Exercise details
Search term "user": copy each line of the records that contains it.

§ §

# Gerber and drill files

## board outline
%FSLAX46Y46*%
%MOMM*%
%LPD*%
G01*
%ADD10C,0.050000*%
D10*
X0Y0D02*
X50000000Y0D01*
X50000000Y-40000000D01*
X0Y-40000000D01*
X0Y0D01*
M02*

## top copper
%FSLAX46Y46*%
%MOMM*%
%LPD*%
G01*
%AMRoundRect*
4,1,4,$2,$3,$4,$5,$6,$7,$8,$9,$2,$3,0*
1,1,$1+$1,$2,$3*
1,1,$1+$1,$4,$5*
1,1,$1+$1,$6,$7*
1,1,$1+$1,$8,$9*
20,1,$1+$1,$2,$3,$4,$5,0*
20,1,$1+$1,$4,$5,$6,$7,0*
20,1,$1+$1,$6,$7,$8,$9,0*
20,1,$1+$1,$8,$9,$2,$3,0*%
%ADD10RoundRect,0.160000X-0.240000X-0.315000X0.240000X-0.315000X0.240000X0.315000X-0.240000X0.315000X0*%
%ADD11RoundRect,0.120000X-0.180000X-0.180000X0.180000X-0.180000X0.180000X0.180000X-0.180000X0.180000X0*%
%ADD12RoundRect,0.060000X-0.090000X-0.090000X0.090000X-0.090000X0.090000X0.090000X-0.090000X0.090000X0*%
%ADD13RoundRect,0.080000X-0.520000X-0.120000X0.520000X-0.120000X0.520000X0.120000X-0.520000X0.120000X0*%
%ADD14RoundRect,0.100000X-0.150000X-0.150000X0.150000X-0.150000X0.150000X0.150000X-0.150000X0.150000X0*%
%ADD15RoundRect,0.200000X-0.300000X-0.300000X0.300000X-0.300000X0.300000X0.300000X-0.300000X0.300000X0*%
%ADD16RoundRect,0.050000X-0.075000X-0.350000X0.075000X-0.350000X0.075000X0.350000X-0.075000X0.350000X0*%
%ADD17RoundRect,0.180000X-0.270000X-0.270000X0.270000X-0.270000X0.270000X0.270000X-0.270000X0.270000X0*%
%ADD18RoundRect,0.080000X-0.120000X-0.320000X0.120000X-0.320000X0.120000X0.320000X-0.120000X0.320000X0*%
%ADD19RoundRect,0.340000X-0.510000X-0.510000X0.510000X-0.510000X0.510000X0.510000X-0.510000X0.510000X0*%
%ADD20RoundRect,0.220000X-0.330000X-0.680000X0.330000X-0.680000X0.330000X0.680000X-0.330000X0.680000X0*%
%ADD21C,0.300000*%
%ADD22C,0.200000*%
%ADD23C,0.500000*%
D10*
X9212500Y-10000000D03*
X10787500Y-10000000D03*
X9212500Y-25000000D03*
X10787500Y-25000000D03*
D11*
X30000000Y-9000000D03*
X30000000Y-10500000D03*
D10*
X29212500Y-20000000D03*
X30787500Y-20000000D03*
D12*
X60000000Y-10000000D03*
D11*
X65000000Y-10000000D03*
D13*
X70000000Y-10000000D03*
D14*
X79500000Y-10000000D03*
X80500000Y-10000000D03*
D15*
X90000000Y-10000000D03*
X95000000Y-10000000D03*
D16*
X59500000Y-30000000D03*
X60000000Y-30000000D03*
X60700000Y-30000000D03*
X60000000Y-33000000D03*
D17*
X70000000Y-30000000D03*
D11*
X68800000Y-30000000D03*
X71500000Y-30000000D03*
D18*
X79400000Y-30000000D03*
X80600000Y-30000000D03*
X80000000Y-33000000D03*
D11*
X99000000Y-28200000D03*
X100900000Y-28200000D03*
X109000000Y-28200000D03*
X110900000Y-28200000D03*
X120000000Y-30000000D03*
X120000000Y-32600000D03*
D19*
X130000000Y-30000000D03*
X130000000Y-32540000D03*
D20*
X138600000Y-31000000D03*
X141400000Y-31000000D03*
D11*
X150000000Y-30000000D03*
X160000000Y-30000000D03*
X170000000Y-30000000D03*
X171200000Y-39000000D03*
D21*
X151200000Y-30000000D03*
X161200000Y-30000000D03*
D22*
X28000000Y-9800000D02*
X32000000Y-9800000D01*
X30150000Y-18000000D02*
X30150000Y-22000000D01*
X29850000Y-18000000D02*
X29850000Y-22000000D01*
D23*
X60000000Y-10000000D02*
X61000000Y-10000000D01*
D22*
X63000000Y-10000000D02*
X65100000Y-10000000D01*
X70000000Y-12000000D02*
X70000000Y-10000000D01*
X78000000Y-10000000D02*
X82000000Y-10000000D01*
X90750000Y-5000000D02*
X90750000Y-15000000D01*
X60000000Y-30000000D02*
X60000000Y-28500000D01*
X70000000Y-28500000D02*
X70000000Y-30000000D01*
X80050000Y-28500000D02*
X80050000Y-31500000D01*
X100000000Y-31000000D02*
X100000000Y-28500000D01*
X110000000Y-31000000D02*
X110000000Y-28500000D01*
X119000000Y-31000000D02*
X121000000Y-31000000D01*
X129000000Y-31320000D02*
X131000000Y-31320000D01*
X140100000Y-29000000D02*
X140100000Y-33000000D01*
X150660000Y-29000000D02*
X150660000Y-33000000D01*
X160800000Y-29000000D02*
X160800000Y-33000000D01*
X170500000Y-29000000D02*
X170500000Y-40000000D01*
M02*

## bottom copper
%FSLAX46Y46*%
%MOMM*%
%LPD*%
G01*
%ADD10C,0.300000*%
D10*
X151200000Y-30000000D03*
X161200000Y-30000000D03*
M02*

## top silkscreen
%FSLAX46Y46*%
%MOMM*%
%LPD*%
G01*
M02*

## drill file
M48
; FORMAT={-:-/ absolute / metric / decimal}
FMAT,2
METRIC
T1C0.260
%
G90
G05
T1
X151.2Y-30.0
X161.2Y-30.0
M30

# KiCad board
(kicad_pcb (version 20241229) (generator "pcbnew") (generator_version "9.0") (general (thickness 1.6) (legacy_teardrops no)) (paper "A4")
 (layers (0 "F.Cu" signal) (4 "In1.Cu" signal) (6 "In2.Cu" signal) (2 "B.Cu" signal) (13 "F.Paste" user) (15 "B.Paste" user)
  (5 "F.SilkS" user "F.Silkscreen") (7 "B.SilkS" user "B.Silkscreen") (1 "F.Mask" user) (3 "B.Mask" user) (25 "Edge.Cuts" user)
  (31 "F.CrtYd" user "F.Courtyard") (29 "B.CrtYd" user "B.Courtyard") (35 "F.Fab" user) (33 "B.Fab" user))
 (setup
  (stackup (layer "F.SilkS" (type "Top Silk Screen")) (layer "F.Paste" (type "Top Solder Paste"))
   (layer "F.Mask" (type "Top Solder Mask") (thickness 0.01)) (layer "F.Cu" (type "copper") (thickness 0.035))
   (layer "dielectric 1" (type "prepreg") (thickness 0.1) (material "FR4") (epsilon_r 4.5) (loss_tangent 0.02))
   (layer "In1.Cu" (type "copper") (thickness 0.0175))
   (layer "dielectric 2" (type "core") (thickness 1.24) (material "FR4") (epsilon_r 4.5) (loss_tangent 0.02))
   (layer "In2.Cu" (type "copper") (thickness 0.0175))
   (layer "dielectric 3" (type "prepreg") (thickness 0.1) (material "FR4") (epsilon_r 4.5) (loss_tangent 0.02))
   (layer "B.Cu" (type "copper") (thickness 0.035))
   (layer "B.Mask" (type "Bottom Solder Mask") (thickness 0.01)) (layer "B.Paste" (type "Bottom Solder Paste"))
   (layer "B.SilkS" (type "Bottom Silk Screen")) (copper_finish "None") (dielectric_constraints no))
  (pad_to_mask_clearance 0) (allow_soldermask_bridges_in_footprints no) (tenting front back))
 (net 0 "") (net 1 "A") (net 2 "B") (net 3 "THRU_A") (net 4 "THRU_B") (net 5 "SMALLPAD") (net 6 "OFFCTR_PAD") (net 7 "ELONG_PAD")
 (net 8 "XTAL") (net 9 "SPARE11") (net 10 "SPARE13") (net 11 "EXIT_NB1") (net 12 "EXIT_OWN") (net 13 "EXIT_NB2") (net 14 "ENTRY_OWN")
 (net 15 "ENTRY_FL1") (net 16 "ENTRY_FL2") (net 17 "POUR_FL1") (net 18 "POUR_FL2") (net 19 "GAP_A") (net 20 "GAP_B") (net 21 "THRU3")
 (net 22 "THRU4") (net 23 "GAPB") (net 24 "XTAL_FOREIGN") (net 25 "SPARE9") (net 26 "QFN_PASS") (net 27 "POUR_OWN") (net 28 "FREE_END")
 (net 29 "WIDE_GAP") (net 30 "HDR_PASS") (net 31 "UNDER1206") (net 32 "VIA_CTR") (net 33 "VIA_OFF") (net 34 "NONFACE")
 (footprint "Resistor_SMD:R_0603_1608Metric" (layer "F.Cu") (at 10 10)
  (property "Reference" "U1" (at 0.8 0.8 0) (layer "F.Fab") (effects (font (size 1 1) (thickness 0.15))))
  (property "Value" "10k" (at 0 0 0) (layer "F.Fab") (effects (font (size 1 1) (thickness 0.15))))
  (pad "1" smd roundrect (at -0.7875 0) (size 0.8 0.95) (layers "F.Cu" "F.Paste" "F.Mask") (roundrect_rratio 0.2) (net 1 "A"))
  (pad "2" smd roundrect (at 0.7875 0) (size 0.8 0.95) (layers "F.Cu" "F.Paste" "F.Mask") (roundrect_rratio 0.2) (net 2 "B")))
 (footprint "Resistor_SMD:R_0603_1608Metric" (layer "F.Cu") (at 10 25)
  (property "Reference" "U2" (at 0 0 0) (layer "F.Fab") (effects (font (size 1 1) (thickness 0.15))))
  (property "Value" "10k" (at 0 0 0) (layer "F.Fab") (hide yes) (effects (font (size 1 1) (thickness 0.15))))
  (pad "1" smd roundrect (at -0.7875 0) (size 0.8 0.95) (layers "F.Cu" "F.Paste" "F.Mask") (roundrect_rratio 0.2) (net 1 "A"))
  (pad "2" smd roundrect (at 0.7875 0) (size 0.8 0.95) (layers "F.Cu" "F.Paste" "F.Mask") (roundrect_rratio 0.2) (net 2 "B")))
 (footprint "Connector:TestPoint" (layer "F.Cu") (at 30 9)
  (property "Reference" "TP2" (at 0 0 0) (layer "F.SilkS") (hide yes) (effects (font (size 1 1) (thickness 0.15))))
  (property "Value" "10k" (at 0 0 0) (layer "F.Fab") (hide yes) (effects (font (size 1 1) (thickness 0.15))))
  (pad "1" smd roundrect (at 0 0) (size 0.6 0.6) (layers "F.Cu" "F.Paste" "F.Mask") (roundrect_rratio 0.2) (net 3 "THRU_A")))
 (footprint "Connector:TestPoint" (layer "F.Cu") (at 30 10.5)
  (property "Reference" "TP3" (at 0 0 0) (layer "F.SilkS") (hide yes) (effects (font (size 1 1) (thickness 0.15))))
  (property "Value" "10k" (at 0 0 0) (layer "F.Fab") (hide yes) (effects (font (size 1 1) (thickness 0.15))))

§ §

Solution
 (layers (0 "F.Cu" signal) (4 "In1.Cu" signal) (6 "In2.Cu" signal) (2 "B.Cu" signal) (13 "F.Paste" user) (15 "B.Paste" user)
  (5 "F.SilkS" user "F.Silkscreen") (7 "B.SilkS" user "B.Silkscreen") (1 "F.Mask" user) (3 "B.Mask" user) (25 "Edge.Cuts" user)
  (31 "F.CrtYd" user "F.Courtyard") (29 "B.CrtYd" user "B.Courtyard") (35 "F.Fab" user) (33 "B.Fab" user))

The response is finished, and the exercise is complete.